In this video, Nikita R. Bhatt, MBBS, MCh, MMed, FRCS, discusses the implications of social media interventions in urology, which was highlighted in the publication, “Social media interventions for patients and public: Opportunities and challenges for the urology community.” Bhatt is a urology resident at Norfolk and Norwich University Hospital in the United Kingdom.

Video Transcript:

So, for urologists, obviously, this is something very new. I assume there might be pros and cons to this. The pros are that you're getting to interact with your patient cohort directly and you can observe how they're progressing over time. And of course, the cons are that people might be reserved about how this engagement would go, how their interaction with patients can affect their practice, and not everyone is very confident on social media. That's something else that we have to consider when we're involving health care professionals. It's important to have social media experts involved who can smoothen out this process.

I suppose for patients, it's quite positive, because except for your consultation, you don't get to engage with your health care professional on a long-term basis unless you have seen them in clinic, for example, or you're seeing them in theater. Whereas this is something that they can interact with, in their own time, over time, and with a group of people who are suffering with the same problem. So, [patients] might not think of a lot of questions themselves, but someone else might ask something that they actually struggle with, and this might help them interact or engage better with their health care professional.

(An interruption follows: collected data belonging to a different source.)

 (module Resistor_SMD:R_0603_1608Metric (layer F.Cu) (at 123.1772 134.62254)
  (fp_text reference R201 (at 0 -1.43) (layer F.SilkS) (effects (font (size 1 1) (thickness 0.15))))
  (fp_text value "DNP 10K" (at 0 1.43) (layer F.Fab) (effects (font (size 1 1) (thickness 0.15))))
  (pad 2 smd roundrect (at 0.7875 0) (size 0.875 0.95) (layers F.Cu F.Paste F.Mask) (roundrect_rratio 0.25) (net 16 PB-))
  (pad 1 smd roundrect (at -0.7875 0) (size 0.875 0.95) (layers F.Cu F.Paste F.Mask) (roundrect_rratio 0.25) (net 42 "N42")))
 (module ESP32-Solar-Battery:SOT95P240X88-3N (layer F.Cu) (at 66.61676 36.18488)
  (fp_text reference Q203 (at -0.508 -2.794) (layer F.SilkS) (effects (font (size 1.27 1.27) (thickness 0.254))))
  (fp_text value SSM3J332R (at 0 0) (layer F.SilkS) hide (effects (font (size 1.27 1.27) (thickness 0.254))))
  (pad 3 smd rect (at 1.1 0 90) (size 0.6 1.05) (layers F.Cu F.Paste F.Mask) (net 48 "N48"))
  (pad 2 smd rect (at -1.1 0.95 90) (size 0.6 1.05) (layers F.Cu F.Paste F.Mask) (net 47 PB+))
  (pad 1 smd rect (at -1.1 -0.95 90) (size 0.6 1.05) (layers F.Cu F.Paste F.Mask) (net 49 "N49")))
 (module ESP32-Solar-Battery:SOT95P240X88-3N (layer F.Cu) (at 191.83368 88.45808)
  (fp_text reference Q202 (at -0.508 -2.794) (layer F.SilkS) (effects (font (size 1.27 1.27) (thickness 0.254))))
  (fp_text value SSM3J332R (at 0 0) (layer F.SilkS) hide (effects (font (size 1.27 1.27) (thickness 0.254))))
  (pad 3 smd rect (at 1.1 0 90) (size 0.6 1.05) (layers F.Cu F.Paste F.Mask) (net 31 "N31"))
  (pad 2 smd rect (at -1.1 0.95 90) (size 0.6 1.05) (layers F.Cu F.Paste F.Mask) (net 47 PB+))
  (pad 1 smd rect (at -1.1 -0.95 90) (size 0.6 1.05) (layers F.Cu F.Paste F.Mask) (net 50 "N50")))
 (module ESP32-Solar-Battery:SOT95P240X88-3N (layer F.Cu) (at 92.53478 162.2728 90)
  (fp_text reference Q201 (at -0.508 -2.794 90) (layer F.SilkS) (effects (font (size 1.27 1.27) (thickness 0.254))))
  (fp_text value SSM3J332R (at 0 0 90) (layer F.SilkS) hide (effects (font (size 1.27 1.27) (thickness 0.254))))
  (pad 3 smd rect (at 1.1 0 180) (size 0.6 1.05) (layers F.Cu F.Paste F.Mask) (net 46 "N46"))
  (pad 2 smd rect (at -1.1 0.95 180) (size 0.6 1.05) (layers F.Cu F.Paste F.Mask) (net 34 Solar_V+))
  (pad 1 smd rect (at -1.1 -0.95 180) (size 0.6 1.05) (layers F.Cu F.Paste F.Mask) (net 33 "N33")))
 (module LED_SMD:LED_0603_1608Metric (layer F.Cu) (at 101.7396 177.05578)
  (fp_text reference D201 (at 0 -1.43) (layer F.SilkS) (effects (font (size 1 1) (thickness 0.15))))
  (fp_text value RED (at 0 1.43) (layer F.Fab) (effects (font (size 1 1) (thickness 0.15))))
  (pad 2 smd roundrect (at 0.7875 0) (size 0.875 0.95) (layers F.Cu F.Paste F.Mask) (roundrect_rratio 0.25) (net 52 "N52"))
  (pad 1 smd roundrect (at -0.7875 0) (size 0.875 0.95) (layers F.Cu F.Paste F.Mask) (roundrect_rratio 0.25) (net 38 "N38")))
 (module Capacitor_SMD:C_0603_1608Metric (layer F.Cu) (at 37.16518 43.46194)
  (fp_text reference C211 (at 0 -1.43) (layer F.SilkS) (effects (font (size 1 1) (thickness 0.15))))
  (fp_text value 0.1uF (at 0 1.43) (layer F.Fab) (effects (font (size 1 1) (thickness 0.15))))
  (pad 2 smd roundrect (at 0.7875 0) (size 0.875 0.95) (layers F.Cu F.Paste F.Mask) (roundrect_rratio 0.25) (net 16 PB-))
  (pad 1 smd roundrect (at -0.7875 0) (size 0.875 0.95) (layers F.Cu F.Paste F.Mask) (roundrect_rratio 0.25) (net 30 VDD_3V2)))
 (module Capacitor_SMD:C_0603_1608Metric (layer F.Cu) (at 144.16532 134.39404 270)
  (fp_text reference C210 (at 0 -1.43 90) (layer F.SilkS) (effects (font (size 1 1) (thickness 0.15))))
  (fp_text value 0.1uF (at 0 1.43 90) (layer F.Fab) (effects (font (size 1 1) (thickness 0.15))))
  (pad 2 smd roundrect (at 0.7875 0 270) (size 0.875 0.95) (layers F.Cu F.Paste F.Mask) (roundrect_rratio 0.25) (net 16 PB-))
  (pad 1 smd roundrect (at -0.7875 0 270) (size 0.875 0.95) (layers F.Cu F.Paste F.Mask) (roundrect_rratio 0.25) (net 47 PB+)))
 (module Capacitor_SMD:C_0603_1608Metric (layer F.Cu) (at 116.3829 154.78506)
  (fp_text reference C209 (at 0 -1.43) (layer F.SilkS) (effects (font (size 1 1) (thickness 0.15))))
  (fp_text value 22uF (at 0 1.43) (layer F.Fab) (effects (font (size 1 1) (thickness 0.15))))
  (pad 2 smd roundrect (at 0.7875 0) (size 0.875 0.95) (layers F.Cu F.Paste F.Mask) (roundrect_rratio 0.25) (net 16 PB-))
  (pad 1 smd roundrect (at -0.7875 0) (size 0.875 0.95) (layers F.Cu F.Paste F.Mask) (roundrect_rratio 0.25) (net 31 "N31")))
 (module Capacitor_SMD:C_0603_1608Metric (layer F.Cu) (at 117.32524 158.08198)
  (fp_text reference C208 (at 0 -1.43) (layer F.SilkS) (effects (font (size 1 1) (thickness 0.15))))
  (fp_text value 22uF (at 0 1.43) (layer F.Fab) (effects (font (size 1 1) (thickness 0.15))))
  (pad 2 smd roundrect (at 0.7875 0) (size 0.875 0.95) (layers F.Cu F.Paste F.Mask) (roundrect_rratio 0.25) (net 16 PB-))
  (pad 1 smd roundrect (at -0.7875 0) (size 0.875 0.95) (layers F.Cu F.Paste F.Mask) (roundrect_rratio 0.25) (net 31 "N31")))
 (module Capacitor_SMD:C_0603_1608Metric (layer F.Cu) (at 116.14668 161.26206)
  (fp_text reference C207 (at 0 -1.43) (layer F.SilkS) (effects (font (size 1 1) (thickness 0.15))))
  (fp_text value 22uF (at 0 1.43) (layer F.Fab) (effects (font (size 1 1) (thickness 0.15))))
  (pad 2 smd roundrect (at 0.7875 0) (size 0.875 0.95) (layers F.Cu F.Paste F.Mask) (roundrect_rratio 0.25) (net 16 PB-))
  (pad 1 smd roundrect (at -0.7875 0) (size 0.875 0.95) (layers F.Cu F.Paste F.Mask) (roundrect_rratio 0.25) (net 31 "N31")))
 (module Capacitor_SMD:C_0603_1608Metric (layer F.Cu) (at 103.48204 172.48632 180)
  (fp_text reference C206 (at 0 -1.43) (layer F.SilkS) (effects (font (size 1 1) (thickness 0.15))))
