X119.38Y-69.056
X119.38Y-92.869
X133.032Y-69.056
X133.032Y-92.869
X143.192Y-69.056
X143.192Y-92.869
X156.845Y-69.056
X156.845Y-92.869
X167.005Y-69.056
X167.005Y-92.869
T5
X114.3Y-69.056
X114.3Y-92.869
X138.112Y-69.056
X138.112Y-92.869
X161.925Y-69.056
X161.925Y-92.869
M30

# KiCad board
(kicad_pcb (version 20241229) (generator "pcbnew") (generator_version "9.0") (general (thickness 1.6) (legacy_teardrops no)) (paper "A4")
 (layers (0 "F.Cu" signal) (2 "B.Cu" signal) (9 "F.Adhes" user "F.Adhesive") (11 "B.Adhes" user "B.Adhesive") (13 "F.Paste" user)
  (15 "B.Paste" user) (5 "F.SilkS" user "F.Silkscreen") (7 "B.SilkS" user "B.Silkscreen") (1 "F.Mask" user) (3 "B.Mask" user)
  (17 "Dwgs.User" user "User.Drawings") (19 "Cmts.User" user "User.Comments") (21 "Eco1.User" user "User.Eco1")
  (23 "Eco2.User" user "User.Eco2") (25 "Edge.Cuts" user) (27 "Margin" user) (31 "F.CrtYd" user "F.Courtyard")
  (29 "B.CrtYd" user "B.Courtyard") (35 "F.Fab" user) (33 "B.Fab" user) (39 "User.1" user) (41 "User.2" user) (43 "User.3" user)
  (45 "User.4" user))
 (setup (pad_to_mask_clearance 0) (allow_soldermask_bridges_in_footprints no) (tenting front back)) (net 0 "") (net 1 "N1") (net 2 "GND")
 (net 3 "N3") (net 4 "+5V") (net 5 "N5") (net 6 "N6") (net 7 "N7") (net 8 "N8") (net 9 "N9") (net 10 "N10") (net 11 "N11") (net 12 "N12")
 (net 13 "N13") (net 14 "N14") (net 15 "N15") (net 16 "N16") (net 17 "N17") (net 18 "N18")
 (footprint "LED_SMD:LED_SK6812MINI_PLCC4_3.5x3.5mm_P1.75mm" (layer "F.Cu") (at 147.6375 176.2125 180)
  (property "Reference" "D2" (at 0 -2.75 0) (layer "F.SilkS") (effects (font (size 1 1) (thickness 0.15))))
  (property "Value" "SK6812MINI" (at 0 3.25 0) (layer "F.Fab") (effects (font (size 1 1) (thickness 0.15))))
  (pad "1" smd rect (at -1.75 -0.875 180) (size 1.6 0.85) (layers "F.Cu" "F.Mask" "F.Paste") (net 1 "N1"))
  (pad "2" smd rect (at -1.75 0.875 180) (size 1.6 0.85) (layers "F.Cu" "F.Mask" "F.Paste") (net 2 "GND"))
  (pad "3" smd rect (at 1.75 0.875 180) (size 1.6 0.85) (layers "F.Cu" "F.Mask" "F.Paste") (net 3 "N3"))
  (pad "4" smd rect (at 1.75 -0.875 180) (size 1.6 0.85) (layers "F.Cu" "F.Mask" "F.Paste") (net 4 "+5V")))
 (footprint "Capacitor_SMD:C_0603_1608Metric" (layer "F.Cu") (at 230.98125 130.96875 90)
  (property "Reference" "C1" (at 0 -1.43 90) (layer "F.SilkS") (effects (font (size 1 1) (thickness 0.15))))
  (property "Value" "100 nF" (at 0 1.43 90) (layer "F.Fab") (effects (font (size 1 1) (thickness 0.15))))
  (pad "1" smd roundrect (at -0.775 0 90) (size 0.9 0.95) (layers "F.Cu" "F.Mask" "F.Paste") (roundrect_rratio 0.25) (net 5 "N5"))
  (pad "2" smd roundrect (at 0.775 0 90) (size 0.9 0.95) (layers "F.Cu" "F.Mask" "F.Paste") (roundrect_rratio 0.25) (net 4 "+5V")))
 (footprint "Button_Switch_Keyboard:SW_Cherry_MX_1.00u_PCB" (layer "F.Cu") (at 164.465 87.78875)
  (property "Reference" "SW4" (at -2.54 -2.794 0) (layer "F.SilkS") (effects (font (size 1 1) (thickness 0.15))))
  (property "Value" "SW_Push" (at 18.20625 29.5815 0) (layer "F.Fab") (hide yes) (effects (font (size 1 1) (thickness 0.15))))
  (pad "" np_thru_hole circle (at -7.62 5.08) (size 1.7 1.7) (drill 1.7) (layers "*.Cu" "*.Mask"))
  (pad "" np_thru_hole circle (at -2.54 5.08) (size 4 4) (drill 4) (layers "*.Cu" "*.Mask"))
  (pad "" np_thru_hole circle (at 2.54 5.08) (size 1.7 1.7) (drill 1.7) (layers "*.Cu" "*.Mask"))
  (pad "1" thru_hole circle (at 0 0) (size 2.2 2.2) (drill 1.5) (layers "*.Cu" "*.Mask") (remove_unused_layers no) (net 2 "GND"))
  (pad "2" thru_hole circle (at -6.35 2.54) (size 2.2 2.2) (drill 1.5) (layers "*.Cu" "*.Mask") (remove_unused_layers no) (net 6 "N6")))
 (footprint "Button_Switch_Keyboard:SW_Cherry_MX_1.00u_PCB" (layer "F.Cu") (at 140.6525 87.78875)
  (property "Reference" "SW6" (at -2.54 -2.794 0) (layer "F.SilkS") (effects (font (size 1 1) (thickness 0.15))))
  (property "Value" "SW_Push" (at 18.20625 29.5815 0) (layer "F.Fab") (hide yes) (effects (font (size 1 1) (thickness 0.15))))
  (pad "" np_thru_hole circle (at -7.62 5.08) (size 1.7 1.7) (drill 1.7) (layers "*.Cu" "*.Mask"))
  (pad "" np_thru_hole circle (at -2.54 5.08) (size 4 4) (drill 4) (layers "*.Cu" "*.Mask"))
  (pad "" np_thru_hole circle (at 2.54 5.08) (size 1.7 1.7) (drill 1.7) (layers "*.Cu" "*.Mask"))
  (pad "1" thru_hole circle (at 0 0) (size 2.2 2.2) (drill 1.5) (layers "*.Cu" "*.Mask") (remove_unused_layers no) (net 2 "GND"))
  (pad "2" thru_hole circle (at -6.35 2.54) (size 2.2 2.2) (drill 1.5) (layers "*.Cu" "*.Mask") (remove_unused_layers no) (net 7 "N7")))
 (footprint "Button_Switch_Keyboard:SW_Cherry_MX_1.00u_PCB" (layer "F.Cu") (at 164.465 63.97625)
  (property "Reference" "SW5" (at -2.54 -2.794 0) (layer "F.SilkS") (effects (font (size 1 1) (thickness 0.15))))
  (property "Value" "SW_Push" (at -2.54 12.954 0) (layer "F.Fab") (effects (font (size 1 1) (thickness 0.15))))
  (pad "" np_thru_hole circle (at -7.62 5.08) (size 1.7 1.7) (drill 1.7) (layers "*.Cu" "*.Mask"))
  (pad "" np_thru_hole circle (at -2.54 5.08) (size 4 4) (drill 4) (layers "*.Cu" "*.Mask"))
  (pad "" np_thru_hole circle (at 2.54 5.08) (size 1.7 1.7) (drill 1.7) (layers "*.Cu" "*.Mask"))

The results initially are positive, but there are some mixed results as well. I think the main problem is the compliance and engagement. When we are starting to do this in urology across the world, we need to make sure that we have patient representatives involved and they are there from the beginning to make sure that whatever we do in terms of an intervention is successful. It should be by the patients for the patients, and we should just be mediating that in some way or forms to empower patients to take their health in their own hands and implement behavioral change that, in turn, hopefully has a positive impact on their disease. So, patient involvement is key in this, and I can't stress that enough.

This transcription has been edited for clarity.